TRY IT:
When the line containing "X110304819Y-80666666D02*" is found in the data below, copy it and each line after it through the line containing "X109495295Y-80666666D02*", exactly and with no others.

Records drawn from a dataset
━━━━━━━━━━━━━━━━━━━━

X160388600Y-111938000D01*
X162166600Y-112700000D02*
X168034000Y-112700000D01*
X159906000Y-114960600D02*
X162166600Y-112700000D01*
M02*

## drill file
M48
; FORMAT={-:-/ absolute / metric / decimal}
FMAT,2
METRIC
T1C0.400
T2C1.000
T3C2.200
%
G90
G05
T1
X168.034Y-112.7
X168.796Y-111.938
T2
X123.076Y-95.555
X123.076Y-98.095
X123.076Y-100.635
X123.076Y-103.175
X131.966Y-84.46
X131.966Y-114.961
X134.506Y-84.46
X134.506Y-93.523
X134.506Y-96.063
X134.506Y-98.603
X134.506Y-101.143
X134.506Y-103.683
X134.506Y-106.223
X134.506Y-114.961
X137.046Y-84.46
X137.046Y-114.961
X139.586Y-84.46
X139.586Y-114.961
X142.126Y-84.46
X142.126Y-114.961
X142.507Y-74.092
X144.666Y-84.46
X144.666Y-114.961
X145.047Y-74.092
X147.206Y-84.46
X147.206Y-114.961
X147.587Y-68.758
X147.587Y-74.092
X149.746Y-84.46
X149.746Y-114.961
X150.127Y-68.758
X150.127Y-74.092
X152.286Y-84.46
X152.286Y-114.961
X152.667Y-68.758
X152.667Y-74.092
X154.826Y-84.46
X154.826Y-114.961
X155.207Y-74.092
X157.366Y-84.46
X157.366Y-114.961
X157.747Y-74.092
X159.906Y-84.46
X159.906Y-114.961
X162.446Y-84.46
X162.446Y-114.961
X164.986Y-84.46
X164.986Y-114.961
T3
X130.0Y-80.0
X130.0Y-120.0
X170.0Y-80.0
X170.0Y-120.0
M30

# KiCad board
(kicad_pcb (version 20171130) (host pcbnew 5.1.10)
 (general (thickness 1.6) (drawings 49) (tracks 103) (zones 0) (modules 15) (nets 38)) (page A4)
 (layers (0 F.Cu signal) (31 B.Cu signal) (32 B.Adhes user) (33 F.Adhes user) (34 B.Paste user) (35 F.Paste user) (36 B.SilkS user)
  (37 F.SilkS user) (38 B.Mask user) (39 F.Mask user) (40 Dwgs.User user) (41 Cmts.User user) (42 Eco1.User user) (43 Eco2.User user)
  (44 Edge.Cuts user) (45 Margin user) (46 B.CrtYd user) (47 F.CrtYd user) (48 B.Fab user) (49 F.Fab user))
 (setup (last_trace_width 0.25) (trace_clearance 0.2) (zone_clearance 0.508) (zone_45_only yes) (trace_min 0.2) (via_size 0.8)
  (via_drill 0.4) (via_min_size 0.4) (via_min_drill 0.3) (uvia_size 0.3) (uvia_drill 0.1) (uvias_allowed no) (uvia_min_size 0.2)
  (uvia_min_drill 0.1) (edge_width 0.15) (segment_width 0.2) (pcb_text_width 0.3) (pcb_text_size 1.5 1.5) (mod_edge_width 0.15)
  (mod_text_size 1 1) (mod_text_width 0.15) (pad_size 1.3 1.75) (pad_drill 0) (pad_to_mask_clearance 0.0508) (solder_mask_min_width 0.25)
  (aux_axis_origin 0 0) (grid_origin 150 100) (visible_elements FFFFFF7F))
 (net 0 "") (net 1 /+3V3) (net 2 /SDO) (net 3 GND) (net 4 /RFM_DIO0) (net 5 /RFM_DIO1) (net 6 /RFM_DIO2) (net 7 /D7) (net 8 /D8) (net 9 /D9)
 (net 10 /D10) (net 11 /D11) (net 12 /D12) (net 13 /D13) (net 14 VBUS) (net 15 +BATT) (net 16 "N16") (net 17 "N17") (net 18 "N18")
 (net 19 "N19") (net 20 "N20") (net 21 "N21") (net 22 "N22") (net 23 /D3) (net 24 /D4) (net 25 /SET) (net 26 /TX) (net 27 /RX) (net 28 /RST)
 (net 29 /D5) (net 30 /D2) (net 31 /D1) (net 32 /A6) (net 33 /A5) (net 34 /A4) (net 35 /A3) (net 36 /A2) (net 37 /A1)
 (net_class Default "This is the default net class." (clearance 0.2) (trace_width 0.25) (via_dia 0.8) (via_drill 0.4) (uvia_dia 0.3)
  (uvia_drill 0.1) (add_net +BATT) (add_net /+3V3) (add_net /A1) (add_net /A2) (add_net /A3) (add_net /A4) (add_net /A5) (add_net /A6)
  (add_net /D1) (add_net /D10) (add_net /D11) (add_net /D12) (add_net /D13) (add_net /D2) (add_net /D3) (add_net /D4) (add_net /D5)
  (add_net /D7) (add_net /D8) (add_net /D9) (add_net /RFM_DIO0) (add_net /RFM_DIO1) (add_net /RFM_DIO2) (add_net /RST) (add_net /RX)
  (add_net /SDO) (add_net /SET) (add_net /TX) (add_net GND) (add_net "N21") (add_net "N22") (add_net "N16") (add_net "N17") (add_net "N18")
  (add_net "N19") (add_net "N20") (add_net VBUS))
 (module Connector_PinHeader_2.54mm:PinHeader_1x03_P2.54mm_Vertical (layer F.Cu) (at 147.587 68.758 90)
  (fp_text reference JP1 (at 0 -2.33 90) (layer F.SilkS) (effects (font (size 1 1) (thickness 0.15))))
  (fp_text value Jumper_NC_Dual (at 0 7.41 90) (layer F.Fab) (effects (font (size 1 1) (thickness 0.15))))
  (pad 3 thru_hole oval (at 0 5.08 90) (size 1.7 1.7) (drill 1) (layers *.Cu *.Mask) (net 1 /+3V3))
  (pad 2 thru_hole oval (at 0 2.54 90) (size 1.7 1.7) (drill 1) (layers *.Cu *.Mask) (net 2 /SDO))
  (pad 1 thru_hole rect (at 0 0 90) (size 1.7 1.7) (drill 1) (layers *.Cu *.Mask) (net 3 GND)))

━━━━━━━━━━━━━━━━━━━━

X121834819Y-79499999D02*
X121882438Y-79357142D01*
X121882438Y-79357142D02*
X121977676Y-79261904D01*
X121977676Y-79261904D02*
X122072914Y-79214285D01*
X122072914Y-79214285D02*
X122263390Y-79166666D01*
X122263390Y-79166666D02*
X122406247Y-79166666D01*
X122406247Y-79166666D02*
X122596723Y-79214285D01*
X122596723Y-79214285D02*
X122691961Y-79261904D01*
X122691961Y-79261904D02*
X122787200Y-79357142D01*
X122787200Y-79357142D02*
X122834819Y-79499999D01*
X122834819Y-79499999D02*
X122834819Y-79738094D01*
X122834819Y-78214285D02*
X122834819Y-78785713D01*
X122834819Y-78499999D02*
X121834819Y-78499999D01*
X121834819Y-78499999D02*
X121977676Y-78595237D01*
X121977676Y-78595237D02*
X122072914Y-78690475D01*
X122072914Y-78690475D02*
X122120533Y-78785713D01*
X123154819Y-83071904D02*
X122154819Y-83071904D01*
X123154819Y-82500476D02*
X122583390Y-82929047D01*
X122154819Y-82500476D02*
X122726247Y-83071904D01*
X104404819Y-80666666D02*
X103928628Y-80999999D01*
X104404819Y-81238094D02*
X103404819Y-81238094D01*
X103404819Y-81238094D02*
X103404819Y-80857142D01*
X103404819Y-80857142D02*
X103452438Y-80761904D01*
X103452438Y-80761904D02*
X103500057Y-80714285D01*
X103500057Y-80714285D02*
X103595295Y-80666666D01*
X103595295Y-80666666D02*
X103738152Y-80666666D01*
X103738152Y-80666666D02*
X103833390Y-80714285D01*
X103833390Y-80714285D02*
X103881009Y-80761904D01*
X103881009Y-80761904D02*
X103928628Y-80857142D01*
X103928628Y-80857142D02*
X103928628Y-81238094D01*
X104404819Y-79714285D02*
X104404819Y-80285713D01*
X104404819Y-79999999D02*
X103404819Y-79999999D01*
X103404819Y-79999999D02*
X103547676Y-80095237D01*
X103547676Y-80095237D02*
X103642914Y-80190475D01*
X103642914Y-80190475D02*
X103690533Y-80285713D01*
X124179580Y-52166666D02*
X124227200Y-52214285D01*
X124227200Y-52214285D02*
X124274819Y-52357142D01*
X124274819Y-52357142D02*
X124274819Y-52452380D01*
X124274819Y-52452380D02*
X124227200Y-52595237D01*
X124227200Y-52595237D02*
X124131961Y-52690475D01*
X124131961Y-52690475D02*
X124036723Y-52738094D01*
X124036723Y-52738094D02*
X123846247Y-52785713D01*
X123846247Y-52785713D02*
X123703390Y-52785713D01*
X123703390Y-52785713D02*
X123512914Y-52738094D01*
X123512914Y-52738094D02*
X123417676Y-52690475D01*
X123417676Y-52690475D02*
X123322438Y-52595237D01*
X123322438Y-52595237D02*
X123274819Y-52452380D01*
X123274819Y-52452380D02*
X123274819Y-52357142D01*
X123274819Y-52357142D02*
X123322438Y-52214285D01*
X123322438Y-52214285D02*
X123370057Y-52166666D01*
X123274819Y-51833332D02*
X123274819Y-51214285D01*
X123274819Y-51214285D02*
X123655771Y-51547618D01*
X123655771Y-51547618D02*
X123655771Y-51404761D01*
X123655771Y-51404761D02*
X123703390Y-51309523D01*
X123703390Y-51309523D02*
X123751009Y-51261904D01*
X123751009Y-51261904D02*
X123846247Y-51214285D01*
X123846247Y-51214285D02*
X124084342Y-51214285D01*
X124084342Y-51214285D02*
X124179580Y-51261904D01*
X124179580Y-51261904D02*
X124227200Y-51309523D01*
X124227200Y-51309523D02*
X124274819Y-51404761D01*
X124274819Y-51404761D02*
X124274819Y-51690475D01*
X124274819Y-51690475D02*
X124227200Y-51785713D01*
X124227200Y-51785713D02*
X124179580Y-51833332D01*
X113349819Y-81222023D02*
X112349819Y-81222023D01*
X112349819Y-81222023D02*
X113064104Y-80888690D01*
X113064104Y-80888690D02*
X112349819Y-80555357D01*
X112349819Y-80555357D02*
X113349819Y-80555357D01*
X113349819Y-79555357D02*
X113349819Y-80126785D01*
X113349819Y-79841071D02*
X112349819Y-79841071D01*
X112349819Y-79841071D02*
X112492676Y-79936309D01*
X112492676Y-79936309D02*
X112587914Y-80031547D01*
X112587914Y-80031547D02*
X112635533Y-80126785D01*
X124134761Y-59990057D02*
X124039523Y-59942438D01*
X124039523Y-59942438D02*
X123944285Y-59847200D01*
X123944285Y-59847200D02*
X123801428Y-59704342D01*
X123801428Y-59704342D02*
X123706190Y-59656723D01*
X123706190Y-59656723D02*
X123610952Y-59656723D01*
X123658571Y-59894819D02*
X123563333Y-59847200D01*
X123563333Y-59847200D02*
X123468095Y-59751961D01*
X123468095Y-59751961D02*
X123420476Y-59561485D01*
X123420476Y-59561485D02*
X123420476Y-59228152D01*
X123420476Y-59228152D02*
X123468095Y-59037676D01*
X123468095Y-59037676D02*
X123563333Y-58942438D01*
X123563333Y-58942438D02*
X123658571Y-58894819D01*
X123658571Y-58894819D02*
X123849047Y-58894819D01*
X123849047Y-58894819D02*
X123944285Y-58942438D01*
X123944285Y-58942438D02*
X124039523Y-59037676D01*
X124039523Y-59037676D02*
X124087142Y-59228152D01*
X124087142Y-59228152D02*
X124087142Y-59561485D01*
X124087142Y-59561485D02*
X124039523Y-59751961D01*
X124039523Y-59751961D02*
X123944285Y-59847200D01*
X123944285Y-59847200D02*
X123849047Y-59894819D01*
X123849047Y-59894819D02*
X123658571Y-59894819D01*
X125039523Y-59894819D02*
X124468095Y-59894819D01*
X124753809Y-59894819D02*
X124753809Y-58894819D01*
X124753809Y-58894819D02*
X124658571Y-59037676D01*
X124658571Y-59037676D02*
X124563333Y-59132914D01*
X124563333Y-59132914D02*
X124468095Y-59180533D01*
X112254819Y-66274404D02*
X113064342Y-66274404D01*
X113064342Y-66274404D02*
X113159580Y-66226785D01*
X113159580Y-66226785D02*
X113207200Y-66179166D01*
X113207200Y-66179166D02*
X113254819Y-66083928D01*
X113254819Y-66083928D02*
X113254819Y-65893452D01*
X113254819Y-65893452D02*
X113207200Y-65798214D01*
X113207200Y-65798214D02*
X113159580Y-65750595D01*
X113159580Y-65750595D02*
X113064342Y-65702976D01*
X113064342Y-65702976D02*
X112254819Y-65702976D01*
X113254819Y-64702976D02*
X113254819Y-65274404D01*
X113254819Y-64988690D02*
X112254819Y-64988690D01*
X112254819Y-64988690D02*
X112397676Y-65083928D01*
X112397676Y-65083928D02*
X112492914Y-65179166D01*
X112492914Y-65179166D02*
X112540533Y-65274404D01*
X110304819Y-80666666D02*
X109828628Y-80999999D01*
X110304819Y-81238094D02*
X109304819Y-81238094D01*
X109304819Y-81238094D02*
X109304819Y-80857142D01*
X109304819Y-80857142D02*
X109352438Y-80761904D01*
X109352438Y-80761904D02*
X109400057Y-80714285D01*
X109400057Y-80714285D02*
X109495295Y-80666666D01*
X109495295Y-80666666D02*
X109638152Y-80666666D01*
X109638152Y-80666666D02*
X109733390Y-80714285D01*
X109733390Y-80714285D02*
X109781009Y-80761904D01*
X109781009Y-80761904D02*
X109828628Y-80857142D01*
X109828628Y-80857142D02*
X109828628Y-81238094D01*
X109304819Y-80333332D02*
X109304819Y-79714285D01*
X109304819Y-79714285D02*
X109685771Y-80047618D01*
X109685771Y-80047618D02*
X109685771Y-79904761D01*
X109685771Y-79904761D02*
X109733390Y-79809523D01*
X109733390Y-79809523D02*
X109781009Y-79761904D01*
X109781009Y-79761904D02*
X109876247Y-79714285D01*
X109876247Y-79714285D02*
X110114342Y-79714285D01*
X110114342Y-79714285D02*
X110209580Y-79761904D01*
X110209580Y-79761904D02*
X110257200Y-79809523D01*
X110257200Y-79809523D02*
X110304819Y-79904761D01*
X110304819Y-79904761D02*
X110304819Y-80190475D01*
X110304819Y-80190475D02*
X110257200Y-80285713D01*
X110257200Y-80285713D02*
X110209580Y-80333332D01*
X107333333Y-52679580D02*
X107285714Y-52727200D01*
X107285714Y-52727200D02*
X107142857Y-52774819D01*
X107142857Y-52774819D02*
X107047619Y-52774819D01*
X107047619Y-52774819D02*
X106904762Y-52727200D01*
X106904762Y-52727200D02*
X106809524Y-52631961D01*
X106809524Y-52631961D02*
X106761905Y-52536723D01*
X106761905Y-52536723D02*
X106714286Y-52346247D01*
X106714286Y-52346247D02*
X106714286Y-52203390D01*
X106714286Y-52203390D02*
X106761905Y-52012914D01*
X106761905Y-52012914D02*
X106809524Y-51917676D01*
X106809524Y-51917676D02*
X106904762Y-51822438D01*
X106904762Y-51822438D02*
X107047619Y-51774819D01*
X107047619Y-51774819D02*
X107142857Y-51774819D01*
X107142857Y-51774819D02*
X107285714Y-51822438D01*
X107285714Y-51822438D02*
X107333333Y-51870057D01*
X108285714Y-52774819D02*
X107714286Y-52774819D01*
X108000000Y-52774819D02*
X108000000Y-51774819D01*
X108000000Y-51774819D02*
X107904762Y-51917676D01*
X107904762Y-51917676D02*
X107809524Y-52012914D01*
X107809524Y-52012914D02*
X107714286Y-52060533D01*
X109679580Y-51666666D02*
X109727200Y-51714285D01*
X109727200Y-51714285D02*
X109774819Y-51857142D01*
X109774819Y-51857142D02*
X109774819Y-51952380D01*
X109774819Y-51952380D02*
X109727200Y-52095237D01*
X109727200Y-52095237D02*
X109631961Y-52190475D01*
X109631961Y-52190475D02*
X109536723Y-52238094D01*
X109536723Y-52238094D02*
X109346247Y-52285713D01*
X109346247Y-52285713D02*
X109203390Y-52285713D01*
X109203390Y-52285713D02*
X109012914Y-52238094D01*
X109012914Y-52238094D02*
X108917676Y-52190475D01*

━━━━━━━━━━━━━━━━━━━━

TASK RESPONSE:
X110304819Y-80666666D02*
X109828628Y-80999999D01*
X110304819Y-81238094D02*
X109304819Y-81238094D01*
X109304819Y-81238094D02*
X109304819Y-80857142D01*
X109304819Y-80857142D02*
X109352438Y-80761904D01*
X109352438Y-80761904D02*
X109400057Y-80714285D01*
X109400057Y-80714285D02*
X109495295Y-80666666D01*
X109495295Y-80666666D02*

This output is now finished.